Please repeat, from the entries that follow, the lines from the one containing "(at 0 1.27)" through the one containing "(at -1.27 1.27)" exactly, adding nothing.

### DATA IN THIS EXERCISE ###

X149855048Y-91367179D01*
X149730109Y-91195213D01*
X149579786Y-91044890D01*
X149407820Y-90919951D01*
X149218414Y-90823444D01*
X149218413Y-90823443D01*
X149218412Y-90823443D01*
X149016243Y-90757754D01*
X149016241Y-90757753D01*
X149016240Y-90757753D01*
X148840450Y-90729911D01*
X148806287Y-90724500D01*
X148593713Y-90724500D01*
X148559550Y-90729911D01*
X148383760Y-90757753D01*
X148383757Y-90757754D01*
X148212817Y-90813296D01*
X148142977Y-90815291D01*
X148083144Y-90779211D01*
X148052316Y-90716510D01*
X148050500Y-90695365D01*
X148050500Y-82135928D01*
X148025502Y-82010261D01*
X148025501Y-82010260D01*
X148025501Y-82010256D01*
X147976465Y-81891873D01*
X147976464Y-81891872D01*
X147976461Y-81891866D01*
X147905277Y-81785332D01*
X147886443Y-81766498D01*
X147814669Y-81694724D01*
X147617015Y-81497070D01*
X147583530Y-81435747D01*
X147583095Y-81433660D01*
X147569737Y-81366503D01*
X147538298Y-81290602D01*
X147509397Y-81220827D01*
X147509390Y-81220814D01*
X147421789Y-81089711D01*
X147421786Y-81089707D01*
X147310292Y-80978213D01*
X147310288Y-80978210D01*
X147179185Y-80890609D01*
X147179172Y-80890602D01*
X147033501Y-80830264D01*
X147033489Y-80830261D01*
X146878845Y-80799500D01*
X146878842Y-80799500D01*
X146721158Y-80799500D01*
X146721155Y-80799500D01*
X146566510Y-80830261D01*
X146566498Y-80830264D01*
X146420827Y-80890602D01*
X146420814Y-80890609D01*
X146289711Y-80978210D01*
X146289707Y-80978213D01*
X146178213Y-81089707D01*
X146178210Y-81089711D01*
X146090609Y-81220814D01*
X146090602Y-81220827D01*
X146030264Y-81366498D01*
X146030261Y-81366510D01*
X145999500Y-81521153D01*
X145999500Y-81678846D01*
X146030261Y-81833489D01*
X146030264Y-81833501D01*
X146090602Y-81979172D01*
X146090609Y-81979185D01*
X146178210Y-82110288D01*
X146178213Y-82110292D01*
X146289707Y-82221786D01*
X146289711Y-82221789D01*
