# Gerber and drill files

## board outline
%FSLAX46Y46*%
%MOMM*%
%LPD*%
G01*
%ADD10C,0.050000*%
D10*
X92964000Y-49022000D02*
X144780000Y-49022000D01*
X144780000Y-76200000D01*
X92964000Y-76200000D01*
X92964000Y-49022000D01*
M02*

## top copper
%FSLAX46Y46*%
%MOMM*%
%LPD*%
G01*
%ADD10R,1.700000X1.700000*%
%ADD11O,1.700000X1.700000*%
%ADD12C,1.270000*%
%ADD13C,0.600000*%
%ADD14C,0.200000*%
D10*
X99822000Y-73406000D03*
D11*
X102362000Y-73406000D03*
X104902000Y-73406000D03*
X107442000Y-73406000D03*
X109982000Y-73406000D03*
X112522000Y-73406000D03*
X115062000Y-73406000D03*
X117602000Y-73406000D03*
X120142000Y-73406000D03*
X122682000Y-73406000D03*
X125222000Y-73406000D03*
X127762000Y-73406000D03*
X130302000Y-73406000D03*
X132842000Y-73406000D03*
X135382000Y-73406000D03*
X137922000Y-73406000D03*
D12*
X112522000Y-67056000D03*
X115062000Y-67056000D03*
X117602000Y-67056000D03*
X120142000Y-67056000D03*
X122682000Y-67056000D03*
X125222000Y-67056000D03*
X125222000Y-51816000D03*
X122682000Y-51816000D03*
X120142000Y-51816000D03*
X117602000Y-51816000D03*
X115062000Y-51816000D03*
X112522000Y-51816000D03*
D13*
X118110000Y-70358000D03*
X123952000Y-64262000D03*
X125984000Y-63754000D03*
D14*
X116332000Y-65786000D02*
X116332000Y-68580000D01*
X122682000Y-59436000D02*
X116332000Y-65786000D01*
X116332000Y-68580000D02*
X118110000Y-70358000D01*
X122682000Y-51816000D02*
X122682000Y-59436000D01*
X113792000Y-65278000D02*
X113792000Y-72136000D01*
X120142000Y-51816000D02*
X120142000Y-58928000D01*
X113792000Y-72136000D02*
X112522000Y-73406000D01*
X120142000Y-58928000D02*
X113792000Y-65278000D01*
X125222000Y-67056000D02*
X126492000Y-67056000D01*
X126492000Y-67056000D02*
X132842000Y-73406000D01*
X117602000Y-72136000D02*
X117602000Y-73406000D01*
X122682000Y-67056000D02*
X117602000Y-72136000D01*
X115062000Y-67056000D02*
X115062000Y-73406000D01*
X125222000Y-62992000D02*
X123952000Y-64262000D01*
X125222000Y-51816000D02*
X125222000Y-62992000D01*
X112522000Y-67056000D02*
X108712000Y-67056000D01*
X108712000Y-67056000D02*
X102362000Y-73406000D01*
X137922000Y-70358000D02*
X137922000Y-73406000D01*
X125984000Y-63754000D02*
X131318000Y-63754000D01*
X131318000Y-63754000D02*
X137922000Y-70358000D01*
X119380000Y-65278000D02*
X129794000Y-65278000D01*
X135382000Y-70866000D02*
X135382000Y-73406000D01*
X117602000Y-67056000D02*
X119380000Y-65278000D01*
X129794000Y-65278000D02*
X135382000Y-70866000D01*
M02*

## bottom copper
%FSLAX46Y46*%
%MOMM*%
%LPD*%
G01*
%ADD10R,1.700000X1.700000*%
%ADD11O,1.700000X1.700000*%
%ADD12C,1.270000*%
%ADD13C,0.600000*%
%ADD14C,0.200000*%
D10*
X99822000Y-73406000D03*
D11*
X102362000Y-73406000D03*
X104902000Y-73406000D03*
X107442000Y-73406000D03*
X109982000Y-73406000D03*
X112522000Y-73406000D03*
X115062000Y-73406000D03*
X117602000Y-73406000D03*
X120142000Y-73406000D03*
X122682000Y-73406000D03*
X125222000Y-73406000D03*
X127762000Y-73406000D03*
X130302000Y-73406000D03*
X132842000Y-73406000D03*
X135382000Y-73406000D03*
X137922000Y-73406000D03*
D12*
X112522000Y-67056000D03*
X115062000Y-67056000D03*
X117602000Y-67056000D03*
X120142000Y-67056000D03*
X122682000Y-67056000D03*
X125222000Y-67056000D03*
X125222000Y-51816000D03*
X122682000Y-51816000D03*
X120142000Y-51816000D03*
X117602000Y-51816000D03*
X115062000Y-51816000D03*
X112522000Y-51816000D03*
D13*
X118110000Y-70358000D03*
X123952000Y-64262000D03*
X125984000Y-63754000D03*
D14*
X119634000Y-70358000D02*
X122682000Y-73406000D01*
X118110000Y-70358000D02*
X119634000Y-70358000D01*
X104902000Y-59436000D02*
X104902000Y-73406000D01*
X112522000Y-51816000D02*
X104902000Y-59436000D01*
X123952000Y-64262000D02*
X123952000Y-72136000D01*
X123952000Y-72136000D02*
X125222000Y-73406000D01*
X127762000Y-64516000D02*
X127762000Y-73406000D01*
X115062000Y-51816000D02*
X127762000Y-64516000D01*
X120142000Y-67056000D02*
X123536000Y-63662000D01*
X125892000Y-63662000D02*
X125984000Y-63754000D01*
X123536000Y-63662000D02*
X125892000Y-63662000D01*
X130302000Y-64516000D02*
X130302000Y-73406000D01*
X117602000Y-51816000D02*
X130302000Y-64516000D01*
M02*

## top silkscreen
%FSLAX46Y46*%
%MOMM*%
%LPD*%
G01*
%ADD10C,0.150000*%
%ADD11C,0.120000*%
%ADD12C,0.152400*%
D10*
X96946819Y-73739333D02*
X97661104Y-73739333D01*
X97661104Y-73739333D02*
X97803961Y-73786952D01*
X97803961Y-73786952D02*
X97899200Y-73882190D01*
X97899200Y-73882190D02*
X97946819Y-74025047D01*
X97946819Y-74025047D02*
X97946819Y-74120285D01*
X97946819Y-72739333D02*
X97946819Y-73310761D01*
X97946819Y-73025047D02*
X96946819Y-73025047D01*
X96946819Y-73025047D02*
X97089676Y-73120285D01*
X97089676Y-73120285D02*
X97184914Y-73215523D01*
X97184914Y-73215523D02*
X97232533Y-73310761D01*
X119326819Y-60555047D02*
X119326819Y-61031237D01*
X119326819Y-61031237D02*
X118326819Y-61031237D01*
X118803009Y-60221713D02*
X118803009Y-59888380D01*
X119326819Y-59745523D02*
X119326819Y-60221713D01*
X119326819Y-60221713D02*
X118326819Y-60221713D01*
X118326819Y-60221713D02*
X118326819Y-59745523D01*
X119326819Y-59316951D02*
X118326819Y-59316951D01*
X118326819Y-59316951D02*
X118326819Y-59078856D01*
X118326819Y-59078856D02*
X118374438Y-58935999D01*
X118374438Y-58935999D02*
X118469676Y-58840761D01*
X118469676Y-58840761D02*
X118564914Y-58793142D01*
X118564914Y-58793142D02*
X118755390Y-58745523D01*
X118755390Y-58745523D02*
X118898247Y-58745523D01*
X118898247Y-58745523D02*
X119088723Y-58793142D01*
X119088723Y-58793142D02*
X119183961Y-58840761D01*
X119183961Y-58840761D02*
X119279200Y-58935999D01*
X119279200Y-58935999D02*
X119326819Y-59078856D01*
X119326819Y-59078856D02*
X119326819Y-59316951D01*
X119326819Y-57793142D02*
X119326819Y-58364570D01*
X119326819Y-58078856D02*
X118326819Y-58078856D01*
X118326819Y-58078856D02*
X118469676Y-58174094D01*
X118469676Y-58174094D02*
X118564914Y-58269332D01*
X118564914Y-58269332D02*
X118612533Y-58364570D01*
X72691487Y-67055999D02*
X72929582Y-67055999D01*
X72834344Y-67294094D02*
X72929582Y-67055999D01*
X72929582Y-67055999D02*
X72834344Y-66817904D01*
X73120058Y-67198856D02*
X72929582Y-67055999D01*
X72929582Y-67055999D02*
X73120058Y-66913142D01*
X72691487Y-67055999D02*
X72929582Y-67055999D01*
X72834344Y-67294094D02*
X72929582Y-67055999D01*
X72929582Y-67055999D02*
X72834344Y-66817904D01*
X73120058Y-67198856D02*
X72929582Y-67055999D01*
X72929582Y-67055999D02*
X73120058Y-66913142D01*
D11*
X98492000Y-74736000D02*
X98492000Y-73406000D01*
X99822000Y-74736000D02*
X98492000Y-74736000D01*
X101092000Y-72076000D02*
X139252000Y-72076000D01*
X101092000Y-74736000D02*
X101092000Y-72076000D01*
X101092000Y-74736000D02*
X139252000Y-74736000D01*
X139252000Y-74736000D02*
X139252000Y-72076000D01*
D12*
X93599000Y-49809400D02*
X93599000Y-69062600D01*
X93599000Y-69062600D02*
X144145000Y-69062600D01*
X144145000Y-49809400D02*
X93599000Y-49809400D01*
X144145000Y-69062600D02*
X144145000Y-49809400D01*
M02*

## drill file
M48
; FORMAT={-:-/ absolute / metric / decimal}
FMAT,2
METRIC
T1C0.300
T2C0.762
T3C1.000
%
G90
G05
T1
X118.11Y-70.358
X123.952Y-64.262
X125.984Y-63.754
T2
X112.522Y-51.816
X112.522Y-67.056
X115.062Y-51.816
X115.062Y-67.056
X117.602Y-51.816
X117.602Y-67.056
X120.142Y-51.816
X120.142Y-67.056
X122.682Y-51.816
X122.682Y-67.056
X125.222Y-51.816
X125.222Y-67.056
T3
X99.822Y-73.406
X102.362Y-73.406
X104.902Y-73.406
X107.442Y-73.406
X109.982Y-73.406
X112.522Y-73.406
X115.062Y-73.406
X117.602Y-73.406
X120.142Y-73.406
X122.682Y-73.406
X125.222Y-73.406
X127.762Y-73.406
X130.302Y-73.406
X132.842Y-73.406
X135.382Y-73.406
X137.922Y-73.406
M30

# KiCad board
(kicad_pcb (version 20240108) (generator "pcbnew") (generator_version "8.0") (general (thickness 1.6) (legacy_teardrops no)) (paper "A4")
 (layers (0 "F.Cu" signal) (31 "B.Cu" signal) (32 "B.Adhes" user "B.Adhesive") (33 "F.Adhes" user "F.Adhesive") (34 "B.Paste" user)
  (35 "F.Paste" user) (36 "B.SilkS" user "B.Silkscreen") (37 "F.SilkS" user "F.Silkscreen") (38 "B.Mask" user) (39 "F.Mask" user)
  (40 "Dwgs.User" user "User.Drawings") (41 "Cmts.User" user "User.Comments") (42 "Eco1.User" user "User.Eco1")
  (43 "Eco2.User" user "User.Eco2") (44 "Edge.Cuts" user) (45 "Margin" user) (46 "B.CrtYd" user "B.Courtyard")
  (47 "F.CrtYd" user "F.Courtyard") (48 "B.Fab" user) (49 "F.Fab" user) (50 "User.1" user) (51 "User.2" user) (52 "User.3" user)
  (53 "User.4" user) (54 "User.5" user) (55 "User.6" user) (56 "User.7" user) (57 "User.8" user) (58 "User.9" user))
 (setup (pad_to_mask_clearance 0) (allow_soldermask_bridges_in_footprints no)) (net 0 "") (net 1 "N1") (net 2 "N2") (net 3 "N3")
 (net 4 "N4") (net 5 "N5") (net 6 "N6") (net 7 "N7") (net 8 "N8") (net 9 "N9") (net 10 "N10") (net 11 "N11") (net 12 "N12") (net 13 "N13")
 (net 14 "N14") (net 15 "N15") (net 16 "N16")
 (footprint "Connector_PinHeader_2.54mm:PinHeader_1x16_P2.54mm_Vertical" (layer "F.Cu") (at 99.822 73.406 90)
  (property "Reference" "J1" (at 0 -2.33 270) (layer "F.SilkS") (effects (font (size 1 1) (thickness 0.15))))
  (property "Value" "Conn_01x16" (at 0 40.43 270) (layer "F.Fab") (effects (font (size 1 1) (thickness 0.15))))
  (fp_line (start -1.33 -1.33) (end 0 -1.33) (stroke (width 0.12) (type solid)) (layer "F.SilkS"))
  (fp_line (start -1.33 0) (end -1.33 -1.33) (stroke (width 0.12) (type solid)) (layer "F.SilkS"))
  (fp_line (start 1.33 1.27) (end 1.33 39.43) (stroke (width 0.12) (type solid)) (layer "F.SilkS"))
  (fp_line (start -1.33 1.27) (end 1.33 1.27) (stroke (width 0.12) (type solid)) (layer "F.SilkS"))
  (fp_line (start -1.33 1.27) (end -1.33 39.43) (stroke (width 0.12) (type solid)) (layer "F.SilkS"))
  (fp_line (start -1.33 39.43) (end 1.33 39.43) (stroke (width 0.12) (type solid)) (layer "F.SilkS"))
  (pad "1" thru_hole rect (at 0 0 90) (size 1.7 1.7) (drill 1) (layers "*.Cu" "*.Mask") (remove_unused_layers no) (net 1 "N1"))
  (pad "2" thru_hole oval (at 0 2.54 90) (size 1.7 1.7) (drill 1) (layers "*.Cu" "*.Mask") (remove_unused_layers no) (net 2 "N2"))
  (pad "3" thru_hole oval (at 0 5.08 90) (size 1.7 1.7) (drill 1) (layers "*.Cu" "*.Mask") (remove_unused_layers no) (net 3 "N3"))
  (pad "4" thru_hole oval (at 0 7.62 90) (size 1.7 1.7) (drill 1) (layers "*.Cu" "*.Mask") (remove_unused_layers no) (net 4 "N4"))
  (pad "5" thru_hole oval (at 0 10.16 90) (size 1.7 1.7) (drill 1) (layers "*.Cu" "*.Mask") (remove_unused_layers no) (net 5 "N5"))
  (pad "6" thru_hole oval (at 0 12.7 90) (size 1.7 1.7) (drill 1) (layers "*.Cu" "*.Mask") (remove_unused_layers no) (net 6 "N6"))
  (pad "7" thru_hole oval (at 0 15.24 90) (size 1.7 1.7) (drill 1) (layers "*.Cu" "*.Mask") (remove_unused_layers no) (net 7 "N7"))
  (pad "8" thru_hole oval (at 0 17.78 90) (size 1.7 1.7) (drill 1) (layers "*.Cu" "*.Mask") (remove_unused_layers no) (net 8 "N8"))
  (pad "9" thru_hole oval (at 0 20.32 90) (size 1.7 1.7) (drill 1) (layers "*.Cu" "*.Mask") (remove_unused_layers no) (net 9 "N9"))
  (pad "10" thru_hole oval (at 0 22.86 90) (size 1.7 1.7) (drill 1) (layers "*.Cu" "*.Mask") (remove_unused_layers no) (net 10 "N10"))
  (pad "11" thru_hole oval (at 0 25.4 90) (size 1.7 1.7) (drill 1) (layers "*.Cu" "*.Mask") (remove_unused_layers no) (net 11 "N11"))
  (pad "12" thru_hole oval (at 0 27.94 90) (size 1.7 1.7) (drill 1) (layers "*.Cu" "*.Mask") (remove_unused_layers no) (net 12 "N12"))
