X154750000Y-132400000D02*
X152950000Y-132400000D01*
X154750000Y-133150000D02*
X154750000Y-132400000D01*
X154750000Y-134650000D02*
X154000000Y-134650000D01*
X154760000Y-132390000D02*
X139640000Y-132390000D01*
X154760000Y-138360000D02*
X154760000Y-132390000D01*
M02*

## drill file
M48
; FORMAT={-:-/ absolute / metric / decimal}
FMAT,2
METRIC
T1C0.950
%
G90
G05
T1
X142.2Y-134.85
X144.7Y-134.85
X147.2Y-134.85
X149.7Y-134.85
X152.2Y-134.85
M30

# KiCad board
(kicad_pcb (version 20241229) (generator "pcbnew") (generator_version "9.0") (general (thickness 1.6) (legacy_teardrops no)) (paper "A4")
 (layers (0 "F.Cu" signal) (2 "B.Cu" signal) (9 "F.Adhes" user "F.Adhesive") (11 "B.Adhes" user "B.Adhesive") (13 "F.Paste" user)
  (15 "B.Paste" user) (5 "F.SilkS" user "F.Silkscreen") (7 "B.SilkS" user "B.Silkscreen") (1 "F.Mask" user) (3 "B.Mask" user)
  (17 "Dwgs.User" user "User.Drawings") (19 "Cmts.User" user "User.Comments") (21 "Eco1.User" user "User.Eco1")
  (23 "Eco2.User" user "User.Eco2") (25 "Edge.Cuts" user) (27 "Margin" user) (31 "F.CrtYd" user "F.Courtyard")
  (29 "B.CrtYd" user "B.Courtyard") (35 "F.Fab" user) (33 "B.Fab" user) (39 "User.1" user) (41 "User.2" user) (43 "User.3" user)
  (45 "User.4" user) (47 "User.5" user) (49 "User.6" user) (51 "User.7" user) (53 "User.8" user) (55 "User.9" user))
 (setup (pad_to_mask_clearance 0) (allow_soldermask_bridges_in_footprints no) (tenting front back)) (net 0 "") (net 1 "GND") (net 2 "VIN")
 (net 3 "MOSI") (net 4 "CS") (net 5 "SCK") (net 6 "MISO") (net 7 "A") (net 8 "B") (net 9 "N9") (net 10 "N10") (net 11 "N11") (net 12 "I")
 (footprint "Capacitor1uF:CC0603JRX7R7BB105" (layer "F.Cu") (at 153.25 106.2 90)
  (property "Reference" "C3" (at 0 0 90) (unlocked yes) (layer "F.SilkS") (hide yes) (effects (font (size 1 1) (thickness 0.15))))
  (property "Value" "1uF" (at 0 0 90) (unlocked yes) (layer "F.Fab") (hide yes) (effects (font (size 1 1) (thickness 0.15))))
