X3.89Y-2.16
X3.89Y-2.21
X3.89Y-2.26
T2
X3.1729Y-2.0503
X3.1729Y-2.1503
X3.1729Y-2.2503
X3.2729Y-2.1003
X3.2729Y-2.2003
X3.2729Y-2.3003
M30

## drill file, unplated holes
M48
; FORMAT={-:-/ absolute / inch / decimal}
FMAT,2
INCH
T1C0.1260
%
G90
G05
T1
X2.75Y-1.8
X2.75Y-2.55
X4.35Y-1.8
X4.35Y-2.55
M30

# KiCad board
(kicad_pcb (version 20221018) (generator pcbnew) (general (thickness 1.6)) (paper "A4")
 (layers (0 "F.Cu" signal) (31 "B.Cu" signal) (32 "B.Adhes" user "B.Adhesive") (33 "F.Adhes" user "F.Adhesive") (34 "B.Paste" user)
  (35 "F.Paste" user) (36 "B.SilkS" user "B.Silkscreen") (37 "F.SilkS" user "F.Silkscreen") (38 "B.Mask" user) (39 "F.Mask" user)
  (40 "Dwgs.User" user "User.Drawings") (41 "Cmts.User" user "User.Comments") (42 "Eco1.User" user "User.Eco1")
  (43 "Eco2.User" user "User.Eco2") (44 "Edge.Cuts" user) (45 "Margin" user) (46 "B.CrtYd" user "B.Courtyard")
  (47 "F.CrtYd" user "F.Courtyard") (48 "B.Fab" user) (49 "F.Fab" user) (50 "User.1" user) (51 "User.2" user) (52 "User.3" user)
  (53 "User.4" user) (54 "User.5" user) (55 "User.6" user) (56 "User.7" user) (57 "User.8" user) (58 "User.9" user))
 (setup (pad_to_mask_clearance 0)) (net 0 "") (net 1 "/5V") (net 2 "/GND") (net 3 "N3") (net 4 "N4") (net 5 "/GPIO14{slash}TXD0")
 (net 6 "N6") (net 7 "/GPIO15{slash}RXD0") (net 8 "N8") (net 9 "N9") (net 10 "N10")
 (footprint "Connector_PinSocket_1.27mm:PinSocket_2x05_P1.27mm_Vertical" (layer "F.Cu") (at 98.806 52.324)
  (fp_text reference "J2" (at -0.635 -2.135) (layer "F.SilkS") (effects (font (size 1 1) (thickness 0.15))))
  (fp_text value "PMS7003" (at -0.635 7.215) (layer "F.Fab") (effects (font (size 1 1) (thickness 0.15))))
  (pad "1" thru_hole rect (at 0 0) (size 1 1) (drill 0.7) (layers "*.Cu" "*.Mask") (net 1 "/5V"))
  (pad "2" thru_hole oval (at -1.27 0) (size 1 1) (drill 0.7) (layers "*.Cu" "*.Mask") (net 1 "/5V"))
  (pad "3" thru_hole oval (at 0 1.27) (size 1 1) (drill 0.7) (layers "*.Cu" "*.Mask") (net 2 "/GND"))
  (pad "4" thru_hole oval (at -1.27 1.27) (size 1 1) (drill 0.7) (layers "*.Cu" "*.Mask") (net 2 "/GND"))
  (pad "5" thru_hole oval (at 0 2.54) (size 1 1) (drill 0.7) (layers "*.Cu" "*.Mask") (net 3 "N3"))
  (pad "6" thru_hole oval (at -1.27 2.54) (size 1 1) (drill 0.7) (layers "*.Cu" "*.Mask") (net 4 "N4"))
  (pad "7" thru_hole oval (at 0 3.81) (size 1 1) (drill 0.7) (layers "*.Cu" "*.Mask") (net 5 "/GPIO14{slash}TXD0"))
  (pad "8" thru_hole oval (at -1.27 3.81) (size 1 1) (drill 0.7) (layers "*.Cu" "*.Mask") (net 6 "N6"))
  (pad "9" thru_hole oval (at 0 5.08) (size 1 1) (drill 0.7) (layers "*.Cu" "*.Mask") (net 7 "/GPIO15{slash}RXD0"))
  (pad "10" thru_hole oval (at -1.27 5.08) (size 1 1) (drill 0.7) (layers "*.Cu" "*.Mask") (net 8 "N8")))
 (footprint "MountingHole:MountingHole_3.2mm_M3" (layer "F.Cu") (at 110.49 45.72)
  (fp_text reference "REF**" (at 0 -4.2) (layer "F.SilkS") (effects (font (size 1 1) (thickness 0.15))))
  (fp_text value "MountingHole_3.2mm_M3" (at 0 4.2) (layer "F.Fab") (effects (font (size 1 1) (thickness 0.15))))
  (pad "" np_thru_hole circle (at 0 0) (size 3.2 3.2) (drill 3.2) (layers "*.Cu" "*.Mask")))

###

▸ ANSWER TO THE PROBLEM
  (pad "3" thru_hole oval (at 0 1.27) (size 1 1) (drill 0.7) (layers "*.Cu" "*.Mask") (net 2 "/GND"))
  (pad "4" thru_hole oval (at -1.27 1.27) (size 1 1) (drill 0.7) (layers "*.Cu" "*.Mask") (net 2 "/GND"))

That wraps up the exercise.